Method and apparatus for adapting the language model's size in a

Data processing: speech signal processing – linguistics – language – Speech signal processing – Recognition

Patent

Rate now

  [ 0.00 ] – not rated yet Voters 0   Comments 0

Details

704257, 704248, 704238, G10L 900

Patent

active

058999736

DESCRIPTION:

BRIEF SUMMARY
TECHNICAL FIELD

The present invention concerns speech recognition systems being implemented in a digital computer, or speech recognition devices like dictaphones or translation devices for telephone installations. In particular, the invention is directed to a mechanism for decreasing the size of the statistical language model in such speech recognition systems in order to reduce the needed resources, such as storage requirements, to process such systems. The language model's size can be also adapted to the system environment conditions or user specific speech properties.


BACKGROUND OF THE INVENTION

In speech recognition systems being based on a statistical language model approach instead of being knowledge based, for example the English speech recognition system TANGORA developed by F. Jelinek et al. at IBM Thomas J. Watson Research Center in Yorktown Heights, USA, and published in Proceedings of IEEE 73(1985)11, pp.1616-24), entitled "The development of an experimental discrete dictation recognizer", the recognition process can be subdivided into several steps. The tasks of these steps depicted in FIG. 1 (from article by K. Wothke, U. Bandara, J. Kempf, E. Keppel, K. Mohr, G. Walch (IBM Scientific Center Heidelberg), entitled "The SPRING Speech Recognition System for German", in Proceedings of Eurospeech 89, Paris 26.-28.IX.1989), are signal by a signal processor; to produce the observed label sequence; the language by means of a statistical language model.
The whole system can be either implemented on a digital computer, for example a personal computer (PC), or implemented on a portable dictaphone or a telephone device. The speech signal is amplified and digitized, and the digitized data are then read into a buffer memory contained for example in the signal processor.
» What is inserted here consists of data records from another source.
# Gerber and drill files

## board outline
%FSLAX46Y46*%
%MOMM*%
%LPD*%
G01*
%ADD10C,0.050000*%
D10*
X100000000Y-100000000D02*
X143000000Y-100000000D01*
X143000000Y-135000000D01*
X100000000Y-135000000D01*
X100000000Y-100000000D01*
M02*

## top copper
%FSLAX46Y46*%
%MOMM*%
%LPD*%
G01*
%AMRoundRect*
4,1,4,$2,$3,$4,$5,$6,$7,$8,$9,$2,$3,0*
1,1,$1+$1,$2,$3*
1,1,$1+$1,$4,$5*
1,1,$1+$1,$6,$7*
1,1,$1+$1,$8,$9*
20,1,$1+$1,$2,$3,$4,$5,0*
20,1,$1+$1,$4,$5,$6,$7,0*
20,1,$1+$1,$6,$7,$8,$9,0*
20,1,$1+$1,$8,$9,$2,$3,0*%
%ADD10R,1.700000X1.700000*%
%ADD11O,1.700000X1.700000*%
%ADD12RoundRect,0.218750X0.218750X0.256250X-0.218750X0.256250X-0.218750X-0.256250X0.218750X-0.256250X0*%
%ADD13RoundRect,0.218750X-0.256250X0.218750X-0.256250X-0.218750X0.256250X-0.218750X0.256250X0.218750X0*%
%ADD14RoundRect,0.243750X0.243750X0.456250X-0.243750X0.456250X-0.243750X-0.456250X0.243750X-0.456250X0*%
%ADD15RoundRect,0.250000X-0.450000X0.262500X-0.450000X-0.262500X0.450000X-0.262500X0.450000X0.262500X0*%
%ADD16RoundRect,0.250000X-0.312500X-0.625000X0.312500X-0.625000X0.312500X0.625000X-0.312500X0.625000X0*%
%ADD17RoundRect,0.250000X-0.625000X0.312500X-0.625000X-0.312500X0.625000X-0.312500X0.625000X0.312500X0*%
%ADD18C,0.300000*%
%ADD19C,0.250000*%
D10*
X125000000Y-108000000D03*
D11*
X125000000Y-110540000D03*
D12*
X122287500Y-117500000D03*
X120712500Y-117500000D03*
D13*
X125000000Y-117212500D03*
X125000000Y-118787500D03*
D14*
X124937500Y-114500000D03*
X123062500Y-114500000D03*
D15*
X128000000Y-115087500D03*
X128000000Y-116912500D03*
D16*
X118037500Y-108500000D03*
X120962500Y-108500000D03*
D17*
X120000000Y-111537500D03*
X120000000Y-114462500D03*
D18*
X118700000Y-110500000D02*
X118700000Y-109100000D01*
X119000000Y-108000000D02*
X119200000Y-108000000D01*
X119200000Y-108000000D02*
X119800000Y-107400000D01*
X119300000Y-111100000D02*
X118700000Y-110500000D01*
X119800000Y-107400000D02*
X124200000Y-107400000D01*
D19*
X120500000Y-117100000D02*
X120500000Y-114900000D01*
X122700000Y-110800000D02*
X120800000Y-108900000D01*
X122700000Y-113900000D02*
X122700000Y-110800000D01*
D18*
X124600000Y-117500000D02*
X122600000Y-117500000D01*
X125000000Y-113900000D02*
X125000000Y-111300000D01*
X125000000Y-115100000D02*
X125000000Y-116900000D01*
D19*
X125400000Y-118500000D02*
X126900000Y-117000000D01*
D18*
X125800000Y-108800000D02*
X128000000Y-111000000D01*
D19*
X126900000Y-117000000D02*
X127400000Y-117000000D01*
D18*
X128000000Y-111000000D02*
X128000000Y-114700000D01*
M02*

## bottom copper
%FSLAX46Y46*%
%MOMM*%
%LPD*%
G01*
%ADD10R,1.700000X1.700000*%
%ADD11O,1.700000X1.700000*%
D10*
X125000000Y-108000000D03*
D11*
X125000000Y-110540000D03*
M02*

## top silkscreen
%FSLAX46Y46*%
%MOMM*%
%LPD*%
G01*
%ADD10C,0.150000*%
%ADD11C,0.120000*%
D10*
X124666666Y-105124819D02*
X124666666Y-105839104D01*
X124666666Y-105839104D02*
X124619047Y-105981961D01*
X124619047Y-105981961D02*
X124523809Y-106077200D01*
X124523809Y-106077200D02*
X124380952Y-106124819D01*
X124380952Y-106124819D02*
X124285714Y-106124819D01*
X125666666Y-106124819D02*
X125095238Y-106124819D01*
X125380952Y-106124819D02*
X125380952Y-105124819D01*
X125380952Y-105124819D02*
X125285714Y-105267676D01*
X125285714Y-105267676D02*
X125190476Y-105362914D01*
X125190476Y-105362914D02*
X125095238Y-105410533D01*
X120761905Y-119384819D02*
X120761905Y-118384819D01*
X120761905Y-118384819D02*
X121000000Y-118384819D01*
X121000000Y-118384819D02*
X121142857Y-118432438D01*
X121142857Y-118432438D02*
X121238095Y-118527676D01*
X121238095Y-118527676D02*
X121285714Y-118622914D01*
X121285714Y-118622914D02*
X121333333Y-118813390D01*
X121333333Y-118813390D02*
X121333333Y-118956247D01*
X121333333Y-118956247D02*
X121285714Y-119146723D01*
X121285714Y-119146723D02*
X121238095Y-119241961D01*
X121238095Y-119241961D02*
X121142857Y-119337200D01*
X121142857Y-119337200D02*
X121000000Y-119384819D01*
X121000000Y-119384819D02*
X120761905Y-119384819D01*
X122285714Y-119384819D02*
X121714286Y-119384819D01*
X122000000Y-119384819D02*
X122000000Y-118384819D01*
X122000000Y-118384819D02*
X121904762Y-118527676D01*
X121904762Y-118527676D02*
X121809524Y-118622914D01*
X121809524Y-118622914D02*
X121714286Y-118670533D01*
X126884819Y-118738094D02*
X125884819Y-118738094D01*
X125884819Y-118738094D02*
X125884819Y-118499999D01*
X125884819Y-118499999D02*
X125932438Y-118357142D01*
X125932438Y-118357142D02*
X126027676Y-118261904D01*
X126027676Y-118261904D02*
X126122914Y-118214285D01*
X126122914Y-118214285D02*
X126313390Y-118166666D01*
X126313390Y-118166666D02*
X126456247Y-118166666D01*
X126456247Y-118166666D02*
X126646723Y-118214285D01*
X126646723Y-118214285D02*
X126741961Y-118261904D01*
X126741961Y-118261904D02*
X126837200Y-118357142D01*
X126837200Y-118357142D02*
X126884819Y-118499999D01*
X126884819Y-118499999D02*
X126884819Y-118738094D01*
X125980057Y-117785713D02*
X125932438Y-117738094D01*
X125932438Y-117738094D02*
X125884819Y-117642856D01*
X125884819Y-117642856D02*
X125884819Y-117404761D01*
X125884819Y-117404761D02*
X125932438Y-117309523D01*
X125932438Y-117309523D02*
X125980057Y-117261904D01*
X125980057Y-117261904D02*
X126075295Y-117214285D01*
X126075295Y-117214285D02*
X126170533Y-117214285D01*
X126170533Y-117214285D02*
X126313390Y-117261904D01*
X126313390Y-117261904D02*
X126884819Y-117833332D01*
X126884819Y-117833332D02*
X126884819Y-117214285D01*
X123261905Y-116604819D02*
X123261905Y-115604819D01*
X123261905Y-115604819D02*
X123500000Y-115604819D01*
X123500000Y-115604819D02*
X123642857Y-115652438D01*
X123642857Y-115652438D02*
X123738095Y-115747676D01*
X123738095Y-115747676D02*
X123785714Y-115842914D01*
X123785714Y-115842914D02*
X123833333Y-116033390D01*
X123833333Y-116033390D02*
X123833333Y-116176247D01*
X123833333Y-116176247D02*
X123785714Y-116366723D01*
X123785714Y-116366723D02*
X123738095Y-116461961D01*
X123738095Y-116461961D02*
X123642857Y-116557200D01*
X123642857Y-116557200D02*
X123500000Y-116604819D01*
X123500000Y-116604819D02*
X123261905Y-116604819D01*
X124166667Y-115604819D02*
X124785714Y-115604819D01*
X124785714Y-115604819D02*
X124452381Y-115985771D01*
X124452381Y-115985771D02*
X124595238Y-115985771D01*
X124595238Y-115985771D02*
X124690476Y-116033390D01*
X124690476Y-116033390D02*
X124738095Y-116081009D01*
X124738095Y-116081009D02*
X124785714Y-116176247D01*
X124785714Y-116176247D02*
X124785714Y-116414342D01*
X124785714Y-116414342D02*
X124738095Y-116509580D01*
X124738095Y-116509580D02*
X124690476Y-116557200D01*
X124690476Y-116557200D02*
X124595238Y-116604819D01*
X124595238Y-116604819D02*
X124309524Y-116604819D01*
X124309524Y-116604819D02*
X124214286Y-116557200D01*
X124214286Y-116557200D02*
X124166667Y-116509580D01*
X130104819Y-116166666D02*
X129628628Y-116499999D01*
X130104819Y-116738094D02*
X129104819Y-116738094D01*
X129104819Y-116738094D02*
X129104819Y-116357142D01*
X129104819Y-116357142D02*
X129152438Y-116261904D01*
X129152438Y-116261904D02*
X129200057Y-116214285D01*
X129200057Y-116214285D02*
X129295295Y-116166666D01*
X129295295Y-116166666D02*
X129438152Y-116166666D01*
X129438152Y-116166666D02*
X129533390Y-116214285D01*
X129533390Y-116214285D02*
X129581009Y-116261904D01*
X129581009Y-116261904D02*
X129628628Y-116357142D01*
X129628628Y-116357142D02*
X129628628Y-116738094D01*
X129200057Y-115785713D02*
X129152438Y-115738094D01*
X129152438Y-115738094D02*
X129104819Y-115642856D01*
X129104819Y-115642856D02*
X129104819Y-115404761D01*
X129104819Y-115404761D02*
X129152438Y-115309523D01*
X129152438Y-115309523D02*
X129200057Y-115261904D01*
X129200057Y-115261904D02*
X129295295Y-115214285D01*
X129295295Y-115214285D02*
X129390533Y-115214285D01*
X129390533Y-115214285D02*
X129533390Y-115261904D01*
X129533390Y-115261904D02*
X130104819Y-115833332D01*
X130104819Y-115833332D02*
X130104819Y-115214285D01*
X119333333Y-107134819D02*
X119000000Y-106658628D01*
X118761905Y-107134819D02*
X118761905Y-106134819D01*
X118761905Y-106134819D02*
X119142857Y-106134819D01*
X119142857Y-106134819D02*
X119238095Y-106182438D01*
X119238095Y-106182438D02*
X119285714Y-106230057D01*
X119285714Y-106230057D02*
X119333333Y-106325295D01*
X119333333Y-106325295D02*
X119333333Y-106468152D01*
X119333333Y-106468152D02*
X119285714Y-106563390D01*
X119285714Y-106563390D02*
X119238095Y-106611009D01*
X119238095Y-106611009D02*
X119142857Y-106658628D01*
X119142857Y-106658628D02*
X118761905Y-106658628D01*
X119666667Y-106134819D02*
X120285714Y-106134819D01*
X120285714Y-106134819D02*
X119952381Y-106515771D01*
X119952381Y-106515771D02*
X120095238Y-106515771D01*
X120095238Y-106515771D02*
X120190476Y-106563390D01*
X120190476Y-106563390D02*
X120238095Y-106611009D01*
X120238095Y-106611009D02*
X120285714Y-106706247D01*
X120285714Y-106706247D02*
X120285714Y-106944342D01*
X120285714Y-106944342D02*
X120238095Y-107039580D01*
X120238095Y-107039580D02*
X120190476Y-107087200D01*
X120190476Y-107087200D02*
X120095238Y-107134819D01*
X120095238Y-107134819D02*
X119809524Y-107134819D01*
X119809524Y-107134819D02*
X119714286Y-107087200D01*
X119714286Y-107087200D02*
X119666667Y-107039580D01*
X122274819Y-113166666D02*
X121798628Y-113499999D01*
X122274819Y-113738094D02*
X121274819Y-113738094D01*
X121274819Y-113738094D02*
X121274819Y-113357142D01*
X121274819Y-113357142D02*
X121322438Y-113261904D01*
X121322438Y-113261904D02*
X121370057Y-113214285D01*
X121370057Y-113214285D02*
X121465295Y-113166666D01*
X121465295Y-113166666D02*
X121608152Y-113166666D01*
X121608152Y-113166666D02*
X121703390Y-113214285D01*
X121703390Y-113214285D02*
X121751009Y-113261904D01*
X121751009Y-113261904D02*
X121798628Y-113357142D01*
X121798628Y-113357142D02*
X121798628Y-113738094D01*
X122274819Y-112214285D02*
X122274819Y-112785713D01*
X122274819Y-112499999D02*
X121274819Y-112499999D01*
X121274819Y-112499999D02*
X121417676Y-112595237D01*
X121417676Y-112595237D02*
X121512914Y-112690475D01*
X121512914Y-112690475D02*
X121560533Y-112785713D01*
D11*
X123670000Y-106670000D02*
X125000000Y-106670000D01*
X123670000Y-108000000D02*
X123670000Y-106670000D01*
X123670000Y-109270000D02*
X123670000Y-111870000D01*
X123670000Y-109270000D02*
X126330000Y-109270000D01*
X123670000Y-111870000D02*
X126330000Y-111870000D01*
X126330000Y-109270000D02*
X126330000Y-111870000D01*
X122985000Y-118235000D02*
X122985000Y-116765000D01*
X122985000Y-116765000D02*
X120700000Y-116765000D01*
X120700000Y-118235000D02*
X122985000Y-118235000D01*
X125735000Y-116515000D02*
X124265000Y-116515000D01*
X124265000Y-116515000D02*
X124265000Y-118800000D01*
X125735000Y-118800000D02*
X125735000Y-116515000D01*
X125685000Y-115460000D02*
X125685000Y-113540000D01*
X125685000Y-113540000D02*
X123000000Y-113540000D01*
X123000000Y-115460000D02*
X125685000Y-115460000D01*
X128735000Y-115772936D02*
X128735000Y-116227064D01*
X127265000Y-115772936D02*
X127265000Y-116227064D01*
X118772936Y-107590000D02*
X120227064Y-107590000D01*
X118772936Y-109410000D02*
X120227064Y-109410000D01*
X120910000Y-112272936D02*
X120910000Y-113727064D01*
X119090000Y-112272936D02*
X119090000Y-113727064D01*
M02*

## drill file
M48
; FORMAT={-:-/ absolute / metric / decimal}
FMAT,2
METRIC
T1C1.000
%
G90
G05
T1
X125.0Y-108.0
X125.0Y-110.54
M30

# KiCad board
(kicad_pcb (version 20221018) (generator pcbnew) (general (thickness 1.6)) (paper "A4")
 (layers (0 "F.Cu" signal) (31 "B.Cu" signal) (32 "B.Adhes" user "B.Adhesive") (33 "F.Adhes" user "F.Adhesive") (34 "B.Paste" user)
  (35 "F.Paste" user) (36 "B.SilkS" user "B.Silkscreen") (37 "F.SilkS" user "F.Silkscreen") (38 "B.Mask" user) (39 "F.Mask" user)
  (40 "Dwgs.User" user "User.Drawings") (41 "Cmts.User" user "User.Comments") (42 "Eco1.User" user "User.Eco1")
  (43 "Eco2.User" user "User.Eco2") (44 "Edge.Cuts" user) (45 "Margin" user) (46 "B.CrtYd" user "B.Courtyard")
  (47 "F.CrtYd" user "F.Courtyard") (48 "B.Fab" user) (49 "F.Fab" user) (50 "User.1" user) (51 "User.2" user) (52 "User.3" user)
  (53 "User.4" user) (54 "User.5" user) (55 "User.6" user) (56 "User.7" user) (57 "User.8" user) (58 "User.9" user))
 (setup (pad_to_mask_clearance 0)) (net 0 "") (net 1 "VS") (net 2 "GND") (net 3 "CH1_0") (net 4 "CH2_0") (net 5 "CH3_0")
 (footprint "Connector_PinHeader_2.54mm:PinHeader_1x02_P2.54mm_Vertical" (layer "F.Cu") (at 125 108)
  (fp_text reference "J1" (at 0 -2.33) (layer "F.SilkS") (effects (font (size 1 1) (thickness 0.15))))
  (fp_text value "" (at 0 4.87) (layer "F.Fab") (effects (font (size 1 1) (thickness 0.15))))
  (fp_line (start -1.33 -1.33) (end 0 -1.33) (stroke (width 0.12) (type solid)) (layer "F.SilkS"))
  (fp_line (start -1.33 0) (end -1.33 -1.33) (stroke (width 0.12) (type solid)) (layer "F.SilkS"))
  (fp_line (start -1.33 1.27) (end -1.33 3.87) (stroke (width 0.12) (type solid)) (layer "F.SilkS"))
  (fp_line (start -1.33 1.27) (end 1.33 1.27) (stroke (width 0.12) (type solid)) (layer "F.SilkS"))
  (fp_line (start -1.33 3.87) (end 1.33 3.87) (stroke (width 0.12) (type solid)) (layer "F.SilkS"))
  (fp_line (start 1.33 1.27) (end 1.33 3.87) (stroke (width 0.12) (type solid)) (layer "F.SilkS"))
  (pad "1" thru_hole rect (at 0 0) (size 1.7 1.7) (drill 1) (layers "*.Cu" "*.Mask") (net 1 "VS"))
  (pad "2" thru_hole oval (at 0 2.54) (size 1.7 1.7) (drill 1) (layers "*.Cu" "*.Mask") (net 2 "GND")))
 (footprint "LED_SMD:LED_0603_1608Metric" (layer "F.Cu") (at 121.5 117.5 180)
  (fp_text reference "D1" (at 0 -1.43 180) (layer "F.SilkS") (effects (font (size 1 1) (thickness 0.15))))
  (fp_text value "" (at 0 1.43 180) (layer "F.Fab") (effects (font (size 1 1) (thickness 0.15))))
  (fp_line (start -1.485 -0.735) (end -1.485 0.735) (stroke (width 0.12) (type solid)) (layer "F.SilkS"))
  (fp_line (start -1.485 0.735) (end 0.8 0.735) (stroke (width 0.12) (type solid)) (layer "F.SilkS"))
  (fp_line (start 0.8 -0.735) (end -1.485 -0.735) (stroke (width 0.12) (type solid)) (layer "F.SilkS"))
  (pad "1" smd roundrect (at -0.7875 0 180) (size 0.875 0.95) (layers "F.Cu" "F.Paste" "F.Mask") (roundrect_rratio 0.25) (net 2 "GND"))
  (pad "2" smd roundrect (at 0.7875 0 180) (size 0.875 0.95) (layers "F.Cu" "F.Paste" "F.Mask") (roundrect_rratio 0.25) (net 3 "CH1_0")))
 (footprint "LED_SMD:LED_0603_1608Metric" (layer "F.Cu") (at 125 118 -90)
From the resulting frequency spectrum a vector of a number of elements is taken and the spectrum is adjusted to account for an ear model.
Each vector is compared with a number of (say 200) speaker dependent prototype vectors. The identification number which is called an acoustic label, of the most similar prototype vector, is taken and sent to the subsequent processing stages. The speaker dependent prototype vectors are generated from language specific prototype vectors during a training phase for the system with a speech sample.
The fast acoustic match determines for every word of a reference vocabulary the probability with which it would have produced the sequence of acoustic labels observed from the speech signal. The probability of a word is calculated until either the end of the word is reached or the probability drops below a pre-specified level. The fast match uses as reference units for the determination of this probability a so-called phonetic transcription for each word in the reference vocabulary, including relevant pronunciation variants, and a hidden Markov model for each allophone used in the phonetic transcription. The phonetic transcriptions are generated by use of a set of phoneticization rules (l.c.)
The hidden Markov model of an allophone describes the probability with which a substring of the sequence of acoustic labels corresponds to the allophone. The Markov models are language specific and the output and transition probabilities are trained to individual speakers. The Markov model of the phonetic transcription of a word is the chain of the Markov models of its allophones.
The statistical language model is one of the most essential parts of a speech recognizer. It is complementary to the acoustic model in that it supplies additional language-based information to the system in order to resolve the uncertainty associated with the word hypothesis proposed by the acoustic side. In practice, the acoustic side proposes a set of possible word candidates with the probabilities being attached to each candidate. The language model, on the other hand, predicts the possible candidates with corresponding probabilities. The system applies maximum likelihood techniques to find the most probable candidate out of these two sets of

REFERENCES:
patent: 5072452 (1991-12-01), Brown et al.
patent: 5127043 (1992-06-01), Hunt et al.
patent: 5444617 (1995-08-01), Merialdo
patent: 5680511 (1997-10-01), Baker et al.
patent: 5710866 (1998-01-01), Alleva et al.

LandOfFree

Say what you really think

Search LandOfFree.com for the USA inventors and patents. Rate them and share your experience with other people.

Rating

Method and apparatus for adapting the language model's size in a does not yet have a rating. At this time, there are no reviews or comments for this patent.

If you have personal experience with Method and apparatus for adapting the language model's size in a, we encourage you to share that experience with our LandOfFree.com community. Your opinion is very important and Method and apparatus for adapting the language model's size in a will most certainly appreciate the feedback.

Rate now

     

Profile ID: LFUS-PAI-O-1867058

  Search
All data on this website is collected from public sources. Our data reflects the most accurate information available at the time of publication.